--- ASSIGNMENT ---
Gather the lines below that include the string "SilkS", copying each in full.
====== DATASET RECORDS ======
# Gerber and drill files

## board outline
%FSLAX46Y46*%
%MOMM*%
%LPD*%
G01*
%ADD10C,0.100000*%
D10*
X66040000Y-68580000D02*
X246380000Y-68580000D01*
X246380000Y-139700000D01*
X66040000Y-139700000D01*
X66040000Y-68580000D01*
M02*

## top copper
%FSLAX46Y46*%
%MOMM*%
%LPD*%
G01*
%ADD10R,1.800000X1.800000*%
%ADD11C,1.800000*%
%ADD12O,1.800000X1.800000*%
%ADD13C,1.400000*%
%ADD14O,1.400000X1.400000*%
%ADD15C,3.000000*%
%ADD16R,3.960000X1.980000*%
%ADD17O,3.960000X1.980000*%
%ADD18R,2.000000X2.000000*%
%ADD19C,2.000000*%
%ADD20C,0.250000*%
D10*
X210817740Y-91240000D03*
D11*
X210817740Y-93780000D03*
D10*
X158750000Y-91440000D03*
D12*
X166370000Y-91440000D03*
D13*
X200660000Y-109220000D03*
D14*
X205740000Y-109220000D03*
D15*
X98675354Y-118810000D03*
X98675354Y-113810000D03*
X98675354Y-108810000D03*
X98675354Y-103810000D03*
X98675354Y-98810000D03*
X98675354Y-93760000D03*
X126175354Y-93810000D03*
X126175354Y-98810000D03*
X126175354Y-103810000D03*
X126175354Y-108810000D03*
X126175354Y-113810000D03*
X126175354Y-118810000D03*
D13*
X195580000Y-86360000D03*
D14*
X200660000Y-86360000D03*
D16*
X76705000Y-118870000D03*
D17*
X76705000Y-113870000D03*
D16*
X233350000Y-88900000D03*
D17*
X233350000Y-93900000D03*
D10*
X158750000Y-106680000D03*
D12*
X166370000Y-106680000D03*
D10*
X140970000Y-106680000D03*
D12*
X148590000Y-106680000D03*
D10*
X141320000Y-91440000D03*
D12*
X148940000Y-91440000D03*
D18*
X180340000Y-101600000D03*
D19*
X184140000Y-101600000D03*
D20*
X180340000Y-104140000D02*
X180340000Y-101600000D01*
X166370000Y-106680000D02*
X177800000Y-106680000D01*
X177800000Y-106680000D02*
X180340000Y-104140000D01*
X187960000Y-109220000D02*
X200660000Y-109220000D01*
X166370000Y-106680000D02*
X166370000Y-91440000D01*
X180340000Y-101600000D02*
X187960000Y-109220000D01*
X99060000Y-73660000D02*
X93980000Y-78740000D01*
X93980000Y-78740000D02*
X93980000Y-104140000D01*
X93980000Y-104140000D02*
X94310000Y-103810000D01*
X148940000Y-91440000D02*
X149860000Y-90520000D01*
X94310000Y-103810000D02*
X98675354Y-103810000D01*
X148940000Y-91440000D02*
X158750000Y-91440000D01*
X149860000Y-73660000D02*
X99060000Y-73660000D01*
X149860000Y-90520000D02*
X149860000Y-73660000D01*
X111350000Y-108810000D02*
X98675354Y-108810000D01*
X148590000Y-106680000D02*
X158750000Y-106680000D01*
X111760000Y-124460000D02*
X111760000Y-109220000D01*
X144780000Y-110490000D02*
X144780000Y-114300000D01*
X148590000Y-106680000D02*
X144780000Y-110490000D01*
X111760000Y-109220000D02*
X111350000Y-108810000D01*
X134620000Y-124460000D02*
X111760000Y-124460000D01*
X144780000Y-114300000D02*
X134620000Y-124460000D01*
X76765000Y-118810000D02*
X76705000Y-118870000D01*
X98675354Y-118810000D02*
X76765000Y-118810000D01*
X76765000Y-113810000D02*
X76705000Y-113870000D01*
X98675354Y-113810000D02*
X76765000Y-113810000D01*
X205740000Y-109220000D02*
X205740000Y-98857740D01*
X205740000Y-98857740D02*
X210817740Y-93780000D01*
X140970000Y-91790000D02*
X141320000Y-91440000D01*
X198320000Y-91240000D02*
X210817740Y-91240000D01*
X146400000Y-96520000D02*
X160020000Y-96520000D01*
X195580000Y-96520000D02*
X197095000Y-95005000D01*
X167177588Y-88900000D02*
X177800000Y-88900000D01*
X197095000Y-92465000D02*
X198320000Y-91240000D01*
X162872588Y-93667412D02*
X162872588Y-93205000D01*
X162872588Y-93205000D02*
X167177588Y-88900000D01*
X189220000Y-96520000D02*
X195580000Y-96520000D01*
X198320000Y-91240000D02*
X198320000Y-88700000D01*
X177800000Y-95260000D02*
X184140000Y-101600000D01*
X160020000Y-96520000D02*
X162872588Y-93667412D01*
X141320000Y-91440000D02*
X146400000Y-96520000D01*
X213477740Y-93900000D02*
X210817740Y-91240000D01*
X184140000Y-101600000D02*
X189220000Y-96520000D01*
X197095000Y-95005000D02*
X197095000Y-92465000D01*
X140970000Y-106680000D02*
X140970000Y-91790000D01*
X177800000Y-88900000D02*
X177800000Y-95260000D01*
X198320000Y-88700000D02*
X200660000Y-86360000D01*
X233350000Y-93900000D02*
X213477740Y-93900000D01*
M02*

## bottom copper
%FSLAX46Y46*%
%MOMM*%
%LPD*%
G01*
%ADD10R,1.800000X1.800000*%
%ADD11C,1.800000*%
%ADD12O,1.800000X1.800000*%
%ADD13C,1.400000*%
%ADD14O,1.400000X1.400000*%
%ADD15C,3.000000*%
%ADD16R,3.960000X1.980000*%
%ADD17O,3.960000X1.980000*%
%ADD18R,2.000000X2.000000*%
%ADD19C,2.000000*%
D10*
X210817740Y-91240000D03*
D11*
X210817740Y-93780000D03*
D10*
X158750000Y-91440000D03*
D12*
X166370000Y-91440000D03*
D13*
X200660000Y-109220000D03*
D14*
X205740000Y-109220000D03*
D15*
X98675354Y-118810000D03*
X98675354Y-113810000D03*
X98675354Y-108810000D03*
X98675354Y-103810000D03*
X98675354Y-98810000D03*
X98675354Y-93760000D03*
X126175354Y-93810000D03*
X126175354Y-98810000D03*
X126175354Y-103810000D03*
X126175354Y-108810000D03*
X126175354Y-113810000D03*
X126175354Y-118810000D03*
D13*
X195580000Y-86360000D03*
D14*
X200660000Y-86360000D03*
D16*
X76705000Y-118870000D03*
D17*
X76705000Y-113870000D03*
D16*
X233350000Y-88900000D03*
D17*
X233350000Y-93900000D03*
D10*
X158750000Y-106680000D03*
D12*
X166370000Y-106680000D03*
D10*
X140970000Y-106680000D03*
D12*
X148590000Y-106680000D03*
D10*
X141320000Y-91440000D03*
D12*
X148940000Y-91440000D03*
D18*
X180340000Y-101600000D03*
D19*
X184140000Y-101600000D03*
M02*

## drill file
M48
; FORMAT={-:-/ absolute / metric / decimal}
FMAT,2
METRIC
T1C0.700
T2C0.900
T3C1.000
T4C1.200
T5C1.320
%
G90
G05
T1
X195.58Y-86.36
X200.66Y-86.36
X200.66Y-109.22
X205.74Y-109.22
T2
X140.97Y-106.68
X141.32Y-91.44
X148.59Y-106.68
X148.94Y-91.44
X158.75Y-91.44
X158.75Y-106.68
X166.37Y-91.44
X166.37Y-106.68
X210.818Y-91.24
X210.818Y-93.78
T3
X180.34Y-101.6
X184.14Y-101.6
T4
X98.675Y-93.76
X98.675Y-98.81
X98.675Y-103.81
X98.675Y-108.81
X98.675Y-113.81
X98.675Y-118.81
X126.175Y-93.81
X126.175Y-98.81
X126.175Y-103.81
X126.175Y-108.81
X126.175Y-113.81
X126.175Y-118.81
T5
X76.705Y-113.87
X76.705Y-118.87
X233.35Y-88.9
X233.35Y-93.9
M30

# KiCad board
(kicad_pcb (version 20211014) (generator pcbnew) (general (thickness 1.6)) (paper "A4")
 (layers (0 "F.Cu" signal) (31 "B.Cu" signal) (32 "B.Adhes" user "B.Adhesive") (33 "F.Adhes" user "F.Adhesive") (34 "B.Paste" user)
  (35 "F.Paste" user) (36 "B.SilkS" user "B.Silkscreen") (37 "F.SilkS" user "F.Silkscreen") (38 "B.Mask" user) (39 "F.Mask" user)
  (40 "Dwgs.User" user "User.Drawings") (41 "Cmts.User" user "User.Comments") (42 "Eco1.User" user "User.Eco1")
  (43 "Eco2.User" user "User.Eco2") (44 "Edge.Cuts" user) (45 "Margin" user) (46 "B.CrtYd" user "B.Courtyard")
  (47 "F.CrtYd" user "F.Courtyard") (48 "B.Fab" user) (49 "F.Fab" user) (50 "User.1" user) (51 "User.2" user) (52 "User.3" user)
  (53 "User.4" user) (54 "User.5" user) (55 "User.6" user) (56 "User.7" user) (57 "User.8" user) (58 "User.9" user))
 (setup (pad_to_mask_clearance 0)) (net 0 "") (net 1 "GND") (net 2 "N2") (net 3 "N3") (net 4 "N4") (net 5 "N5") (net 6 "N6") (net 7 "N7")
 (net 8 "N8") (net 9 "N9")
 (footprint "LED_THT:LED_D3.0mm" (layer "F.Cu") (at 210.81774 91.24 -90)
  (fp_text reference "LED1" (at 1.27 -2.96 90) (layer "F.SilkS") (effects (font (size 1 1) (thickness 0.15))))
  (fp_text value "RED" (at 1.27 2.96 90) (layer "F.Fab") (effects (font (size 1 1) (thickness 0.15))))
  (pad "1" thru_hole rect (at 0 0 270) (size 1.8 1.8) (drill 0.9) (layers *.Cu *.Mask) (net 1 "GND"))
  (pad "2" thru_hole circle (at 2.54 0 270) (size 1.8 1.8) (drill 0.9) (layers *.Cu *.Mask) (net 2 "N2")))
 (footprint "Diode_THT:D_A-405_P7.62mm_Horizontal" (layer "F.Cu") (at 158.75 91.44)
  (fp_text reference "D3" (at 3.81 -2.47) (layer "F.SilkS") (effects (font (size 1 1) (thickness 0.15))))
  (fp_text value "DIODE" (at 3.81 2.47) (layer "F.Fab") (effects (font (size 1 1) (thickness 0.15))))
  (pad "1" thru_hole rect (at 0 0) (size 1.8 1.8) (drill 0.9) (layers *.Cu *.Mask) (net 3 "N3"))
  (pad "2" thru_hole oval (at 7.62 0) (size 1.8 1.8) (drill 0.9) (layers *.Cu *.Mask) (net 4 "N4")))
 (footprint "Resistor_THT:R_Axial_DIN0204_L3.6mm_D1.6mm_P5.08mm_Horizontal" (layer "F.Cu") (at 200.66 109.22)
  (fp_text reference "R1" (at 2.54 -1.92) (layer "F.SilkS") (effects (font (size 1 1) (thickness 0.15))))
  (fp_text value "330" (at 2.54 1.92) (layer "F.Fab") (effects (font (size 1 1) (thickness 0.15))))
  (pad "1" thru_hole circle (at 0 0) (size 1.4 1.4) (drill 0.7) (layers *.Cu *.Mask) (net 4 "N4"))
  (pad "2" thru_hole oval (at 5.08 0) (size 1.4 1.4) (drill 0.7) (layers *.Cu *.Mask) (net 2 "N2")))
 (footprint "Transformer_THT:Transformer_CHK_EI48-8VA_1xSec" (layer "F.Cu") (at 98.675354 118.81)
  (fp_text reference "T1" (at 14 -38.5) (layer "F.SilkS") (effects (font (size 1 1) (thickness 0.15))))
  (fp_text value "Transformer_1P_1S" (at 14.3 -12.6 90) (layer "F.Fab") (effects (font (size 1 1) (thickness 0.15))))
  (pad "1" thru_hole circle (at 0 0) (size 3 3) (drill 1.2) (layers *.Cu *.Mask) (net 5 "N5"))
  (pad "2" thru_hole circle (at 0 -5) (size 3 3) (drill 1.2) (layers *.Cu *.Mask) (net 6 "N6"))
  (pad "3" thru_hole circle (at 0 -10) (size 3 3) (drill 1.2) (layers *.Cu *.Mask) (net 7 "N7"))
  (pad "4" thru_hole circle (at 0 -15) (size 3 3) (drill 1.2) (layers *.Cu *.Mask) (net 3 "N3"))
  (pad "5" thru_hole circle (at 0 -20) (size 3 3) (drill 1.2) (layers *.Cu *.Mask))
  (pad "6" thru_hole circle (at 0 -25.05) (size 3 3) (drill 1.2) (layers *.Cu *.Mask))
  (pad "7" thru_hole circle (at 27.5 -25) (size 3 3) (drill 1.2) (layers *.Cu *.Mask))
  (pad "8" thru_hole circle (at 27.5 -20) (size 3 3) (drill 1.2) (layers *.Cu *.Mask))
  (pad "9" thru_hole circle (at 27.5 -15) (size 3 3) (drill 1.2) (layers *.Cu *.Mask))
  (pad "10" thru_hole circle (at 27.5 -10) (size 3 3) (drill 1.2) (layers *.Cu *.Mask))
  (pad "11" thru_hole circle (at 27.5 -5) (size 3 3) (drill 1.2) (layers *.Cu *.Mask))
  (pad "12" thru_hole circle (at 27.5 0) (size 3 3) (drill 1.2) (layers *.Cu *.Mask)))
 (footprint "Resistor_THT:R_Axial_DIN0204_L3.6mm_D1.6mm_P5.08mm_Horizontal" (layer "F.Cu") (at 195.58 86.36)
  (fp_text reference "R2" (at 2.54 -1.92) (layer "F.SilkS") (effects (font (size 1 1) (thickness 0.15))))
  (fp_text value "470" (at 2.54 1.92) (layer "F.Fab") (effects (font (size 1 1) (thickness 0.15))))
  (pad "1" thru_hole circle (at 0 0) (size 1.4 1.4) (drill 0.7) (layers *.Cu *.Mask) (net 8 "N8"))
  (pad "2" thru_hole oval (at 5.08 0) (size 1.4 1.4) (drill 0.7) (layers *.Cu *.Mask) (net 1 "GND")))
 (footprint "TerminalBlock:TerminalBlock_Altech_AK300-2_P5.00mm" (layer "F.Cu") (at 76.705 118.87 90)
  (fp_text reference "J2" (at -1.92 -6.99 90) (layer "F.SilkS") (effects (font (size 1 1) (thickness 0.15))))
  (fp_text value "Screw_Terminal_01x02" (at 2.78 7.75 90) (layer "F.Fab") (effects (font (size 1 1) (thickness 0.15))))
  (pad "1" thru_hole rect (at 0 0 90) (size 1.98 3.96) (drill 1.32) (layers *.Cu *.Mask) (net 5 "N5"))
  (pad "2" thru_hole oval (at 5 0 90) (size 1.98 3.96) (drill 1.32) (layers *.Cu *.Mask) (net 6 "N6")))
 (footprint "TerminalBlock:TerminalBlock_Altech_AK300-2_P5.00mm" (layer "F.Cu") (at 233.35 88.9 -90)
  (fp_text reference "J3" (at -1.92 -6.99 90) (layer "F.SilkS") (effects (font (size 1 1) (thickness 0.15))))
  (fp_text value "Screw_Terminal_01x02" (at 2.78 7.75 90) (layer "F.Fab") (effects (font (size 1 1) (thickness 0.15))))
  (pad "1" thru_hole rect (at 0 0 270) (size 1.98 3.96) (drill 1.32) (layers *.Cu *.Mask) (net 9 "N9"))
  (pad "2" thru_hole oval (at 5 0 270) (size 1.98 3.96) (drill 1.32) (layers *.Cu *.Mask) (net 1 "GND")))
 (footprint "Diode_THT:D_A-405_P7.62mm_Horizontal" (layer "F.Cu") (at 158.75 106.68)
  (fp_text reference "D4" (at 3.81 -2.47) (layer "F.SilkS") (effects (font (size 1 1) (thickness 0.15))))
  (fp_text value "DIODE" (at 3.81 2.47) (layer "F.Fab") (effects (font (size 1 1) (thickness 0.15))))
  (pad "1" thru_hole rect (at 0 0) (size 1.8 1.8) (drill 0.9) (layers *.Cu *.Mask) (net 7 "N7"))
  (pad "2" thru_hole oval (at 7.62 0) (size 1.8 1.8) (drill 0.9) (layers *.Cu *.Mask) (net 4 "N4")))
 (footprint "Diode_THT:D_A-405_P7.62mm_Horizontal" (layer "F.Cu") (at 140.97 106.68)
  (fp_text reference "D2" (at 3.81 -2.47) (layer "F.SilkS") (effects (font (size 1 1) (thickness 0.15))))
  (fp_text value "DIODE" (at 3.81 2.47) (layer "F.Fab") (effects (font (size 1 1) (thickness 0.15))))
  (pad "1" thru_hole rect (at 0 0) (size 1.8 1.8) (drill 0.9) (layers *.Cu *.Mask) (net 1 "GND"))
======
--- EXPECTED OUTPUT ---
  (35 "F.Paste" user) (36 "B.SilkS" user "B.Silkscreen") (37 "F.SilkS" user "F.Silkscreen") (38 "B.Mask" user) (39 "F.Mask" user)
  (fp_text reference "LED1" (at 1.27 -2.96 90) (layer "F.SilkS") (effects (font (size 1 1) (thickness 0.15))))
  (fp_text reference "D3" (at 3.81 -2.47) (layer "F.SilkS") (effects (font (size 1 1) (thickness 0.15))))
  (fp_text reference "R1" (at 2.54 -1.92) (layer "F.SilkS") (effects (font (size 1 1) (thickness 0.15))))
  (fp_text reference "T1" (at 14 -38.5) (layer "F.SilkS") (effects (font (size 1 1) (thickness 0.15))))
  (fp_text reference "R2" (at 2.54 -1.92) (layer "F.SilkS") (effects (font (size 1 1) (thickness 0.15))))
  (fp_text reference "J2" (at -1.92 -6.99 90) (layer "F.SilkS") (effects (font (size 1 1) (thickness 0.15))))
  (fp_text reference "J3" (at -1.92 -6.99 90) (layer "F.SilkS") (effects (font (size 1 1) (thickness 0.15))))
  (fp_text reference "D4" (at 3.81 -2.47) (layer "F.SilkS") (effects (font (size 1 1) (thickness 0.15))))
  (fp_text reference "D2" (at 3.81 -2.47) (layer "F.SilkS") (effects (font (size 1 1) (thickness 0.15))))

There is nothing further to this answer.